### [What you need to do]
If a line below contains the string "CrtYd", return that line.

=== Task material ===

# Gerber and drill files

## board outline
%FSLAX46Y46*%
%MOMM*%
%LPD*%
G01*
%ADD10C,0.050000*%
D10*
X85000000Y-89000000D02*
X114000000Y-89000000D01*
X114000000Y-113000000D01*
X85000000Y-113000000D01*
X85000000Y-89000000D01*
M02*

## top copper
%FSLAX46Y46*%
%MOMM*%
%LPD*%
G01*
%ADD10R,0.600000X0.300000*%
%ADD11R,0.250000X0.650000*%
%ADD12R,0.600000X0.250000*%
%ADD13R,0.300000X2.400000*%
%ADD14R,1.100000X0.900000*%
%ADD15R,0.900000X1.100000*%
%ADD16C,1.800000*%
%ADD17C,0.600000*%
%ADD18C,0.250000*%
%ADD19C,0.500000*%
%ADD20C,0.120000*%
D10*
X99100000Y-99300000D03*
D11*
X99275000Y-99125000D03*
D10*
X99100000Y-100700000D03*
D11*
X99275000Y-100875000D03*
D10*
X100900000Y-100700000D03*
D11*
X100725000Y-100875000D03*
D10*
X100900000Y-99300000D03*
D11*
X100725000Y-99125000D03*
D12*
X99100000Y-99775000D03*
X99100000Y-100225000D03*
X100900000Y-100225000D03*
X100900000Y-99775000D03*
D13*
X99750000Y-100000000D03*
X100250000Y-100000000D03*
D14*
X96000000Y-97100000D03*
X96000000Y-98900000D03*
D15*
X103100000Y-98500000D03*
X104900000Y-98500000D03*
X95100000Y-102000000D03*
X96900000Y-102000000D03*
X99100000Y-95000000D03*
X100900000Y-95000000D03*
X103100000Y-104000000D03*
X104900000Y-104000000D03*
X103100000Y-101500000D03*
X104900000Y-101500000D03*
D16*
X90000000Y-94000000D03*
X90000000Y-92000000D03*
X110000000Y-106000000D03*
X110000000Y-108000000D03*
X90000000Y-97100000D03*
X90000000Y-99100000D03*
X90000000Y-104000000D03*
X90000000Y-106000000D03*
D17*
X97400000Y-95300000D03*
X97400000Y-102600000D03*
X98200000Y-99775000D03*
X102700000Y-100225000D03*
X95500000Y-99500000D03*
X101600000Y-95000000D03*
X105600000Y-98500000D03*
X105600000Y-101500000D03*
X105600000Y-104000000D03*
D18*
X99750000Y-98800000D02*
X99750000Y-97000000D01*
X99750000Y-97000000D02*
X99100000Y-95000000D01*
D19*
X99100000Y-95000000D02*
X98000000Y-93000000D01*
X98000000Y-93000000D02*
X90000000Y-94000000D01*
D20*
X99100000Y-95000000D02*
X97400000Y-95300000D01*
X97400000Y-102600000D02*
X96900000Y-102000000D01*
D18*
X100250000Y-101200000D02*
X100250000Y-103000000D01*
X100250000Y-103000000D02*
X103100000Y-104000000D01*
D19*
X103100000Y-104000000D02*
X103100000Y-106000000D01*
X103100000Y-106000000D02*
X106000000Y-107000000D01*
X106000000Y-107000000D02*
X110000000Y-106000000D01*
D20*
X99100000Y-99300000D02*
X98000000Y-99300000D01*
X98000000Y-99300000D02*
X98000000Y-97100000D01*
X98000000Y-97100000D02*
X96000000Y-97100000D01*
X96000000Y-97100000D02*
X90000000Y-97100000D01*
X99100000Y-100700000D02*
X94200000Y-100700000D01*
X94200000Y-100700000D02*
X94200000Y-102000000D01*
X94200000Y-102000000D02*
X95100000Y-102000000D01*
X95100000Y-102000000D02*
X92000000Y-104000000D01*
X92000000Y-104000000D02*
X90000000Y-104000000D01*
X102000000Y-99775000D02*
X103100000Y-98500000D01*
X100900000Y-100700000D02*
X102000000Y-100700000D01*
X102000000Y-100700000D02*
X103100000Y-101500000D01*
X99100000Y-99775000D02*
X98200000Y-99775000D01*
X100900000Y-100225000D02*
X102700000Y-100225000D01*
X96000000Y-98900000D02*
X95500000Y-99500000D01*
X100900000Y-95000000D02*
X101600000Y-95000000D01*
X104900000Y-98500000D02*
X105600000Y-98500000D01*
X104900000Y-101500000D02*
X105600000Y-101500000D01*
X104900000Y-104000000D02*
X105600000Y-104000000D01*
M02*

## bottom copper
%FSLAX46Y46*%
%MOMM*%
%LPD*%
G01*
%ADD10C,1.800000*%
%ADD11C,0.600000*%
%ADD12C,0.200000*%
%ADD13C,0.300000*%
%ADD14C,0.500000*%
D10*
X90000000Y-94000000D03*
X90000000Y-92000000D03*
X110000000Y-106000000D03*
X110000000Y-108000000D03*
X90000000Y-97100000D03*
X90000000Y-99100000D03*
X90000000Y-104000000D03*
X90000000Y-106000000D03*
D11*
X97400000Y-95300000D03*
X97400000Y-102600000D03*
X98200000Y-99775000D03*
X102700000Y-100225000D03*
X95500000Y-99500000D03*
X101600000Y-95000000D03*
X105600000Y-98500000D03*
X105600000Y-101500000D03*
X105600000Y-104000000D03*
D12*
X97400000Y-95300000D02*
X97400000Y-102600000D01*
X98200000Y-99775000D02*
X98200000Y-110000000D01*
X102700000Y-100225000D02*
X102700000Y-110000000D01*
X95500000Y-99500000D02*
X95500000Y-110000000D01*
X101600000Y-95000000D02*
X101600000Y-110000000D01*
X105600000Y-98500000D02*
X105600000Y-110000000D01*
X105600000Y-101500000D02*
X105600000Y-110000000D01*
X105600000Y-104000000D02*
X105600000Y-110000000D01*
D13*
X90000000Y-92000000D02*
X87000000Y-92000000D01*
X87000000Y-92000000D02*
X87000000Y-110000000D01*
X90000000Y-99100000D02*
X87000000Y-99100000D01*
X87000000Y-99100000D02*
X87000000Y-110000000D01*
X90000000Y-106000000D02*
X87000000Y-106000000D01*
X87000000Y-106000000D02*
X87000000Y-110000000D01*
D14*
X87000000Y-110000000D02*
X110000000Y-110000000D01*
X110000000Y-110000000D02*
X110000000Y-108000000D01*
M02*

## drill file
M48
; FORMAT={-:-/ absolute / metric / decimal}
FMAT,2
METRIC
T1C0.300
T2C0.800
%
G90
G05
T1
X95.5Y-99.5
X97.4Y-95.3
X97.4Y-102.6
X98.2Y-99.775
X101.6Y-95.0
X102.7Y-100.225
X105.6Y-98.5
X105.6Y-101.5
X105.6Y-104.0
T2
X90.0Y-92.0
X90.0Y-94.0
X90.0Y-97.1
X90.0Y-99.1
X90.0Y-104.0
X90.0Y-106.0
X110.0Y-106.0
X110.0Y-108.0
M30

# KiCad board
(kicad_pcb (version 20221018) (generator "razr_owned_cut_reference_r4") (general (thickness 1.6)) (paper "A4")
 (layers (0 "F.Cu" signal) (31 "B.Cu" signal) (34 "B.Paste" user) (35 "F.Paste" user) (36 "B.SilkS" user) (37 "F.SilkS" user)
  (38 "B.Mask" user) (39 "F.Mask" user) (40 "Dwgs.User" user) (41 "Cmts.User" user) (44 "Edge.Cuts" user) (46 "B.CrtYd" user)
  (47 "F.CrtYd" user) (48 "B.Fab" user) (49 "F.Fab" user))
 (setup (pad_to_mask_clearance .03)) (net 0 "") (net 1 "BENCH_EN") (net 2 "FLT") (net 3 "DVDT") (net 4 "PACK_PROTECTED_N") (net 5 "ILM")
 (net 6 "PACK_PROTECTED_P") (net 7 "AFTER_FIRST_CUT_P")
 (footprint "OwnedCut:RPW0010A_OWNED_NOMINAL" (layer "F.Cu") (at 100 100)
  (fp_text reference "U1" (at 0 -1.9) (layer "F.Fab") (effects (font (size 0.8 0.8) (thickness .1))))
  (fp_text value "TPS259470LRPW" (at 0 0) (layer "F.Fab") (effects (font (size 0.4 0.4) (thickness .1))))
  (pad "1" smd rect (at -0.9 -0.7) (size 0.6 0.3) (layers "F.Cu" "F.Paste" "F.Mask") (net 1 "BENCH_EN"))
  (pad "1" smd rect (at -0.725 -0.875) (size 0.25 0.65) (layers "F.Cu" "F.Paste" "F.Mask") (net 1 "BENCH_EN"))
  (pad "4" smd rect (at -0.9 0.7) (size 0.6 0.3) (layers "F.Cu" "F.Paste" "F.Mask") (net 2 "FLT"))
  (pad "4" smd rect (at -0.725 0.875) (size 0.25 0.65) (layers "F.Cu" "F.Paste" "F.Mask") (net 2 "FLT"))
  (pad "7" smd rect (at 0.9 0.7) (size 0.6 0.3) (layers "F.Cu" "F.Paste" "F.Mask") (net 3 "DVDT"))
  (pad "7" smd rect (at 0.725 0.875) (size 0.25 0.65) (layers "F.Cu" "F.Paste" "F.Mask") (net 3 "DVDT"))
  (pad "10" smd rect (at 0.9 -0.7) (size 0.6 0.3) (layers "F.Cu" "F.Paste" "F.Mask"))
  (pad "10" smd rect (at 0.725 -0.875) (size 0.25 0.65) (layers "F.Cu" "F.Paste" "F.Mask"))
  (pad "2" smd rect (at -0.9 -0.225) (size 0.6 0.25) (layers "F.Cu" "F.Paste" "F.Mask") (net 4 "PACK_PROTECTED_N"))
  (pad "3" smd rect (at -0.9 0.225) (size 0.6 0.25) (layers "F.Cu" "F.Paste" "F.Mask"))
  (pad "8" smd rect (at 0.9 0.225) (size 0.6 0.25) (layers "F.Cu" "F.Paste" "F.Mask") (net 4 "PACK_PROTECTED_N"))
  (pad "9" smd rect (at 0.9 -0.225) (size 0.6 0.25) (layers "F.Cu" "F.Paste" "F.Mask") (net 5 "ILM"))
  (pad "5" smd rect (at -0.25 0) (size 0.3 2.4) (layers "F.Cu" "F.Paste" "F.Mask") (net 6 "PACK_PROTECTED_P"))
  (pad "6" smd rect (at 0.25 0) (size 0.3 2.4) (layers "F.Cu" "F.Paste" "F.Mask") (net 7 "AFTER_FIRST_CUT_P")))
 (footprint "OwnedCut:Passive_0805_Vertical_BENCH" (layer "F.Cu") (at 96 98)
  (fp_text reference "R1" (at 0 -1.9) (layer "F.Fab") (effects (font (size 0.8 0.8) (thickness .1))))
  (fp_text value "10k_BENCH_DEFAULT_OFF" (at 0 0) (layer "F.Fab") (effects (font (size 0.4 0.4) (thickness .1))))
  (pad "1" smd rect (at 0 -0.9) (size 1.1 0.9) (layers "F.Cu" "F.Paste" "F.Mask") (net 1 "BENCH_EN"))
  (pad "2" smd rect (at 0 0.9) (size 1.1 0.9) (layers "F.Cu" "F.Paste" "F.Mask") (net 4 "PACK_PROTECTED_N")))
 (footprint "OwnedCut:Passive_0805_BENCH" (layer "F.Cu") (at 104 98.5)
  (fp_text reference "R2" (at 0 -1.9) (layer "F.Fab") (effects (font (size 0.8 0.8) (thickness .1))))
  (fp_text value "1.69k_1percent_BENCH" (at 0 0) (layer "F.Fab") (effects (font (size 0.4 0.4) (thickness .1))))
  (pad "1" smd rect (at -0.9 0) (size 0.9 1.1) (layers "F.Cu" "F.Paste" "F.Mask") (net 5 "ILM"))
  (pad "2" smd rect (at 0.9 0) (size 0.9 1.1) (layers "F.Cu" "F.Paste" "F.Mask") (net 4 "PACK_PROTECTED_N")))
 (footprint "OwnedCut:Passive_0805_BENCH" (layer "F.Cu") (at 96 102)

===

### [Output for this exercise]
  (38 "B.Mask" user) (39 "F.Mask" user) (40 "Dwgs.User" user) (41 "Cmts.User" user) (44 "Edge.Cuts" user) (46 "B.CrtYd" user)
  (47 "F.CrtYd" user) (48 "B.Fab" user) (49 "F.Fab" user))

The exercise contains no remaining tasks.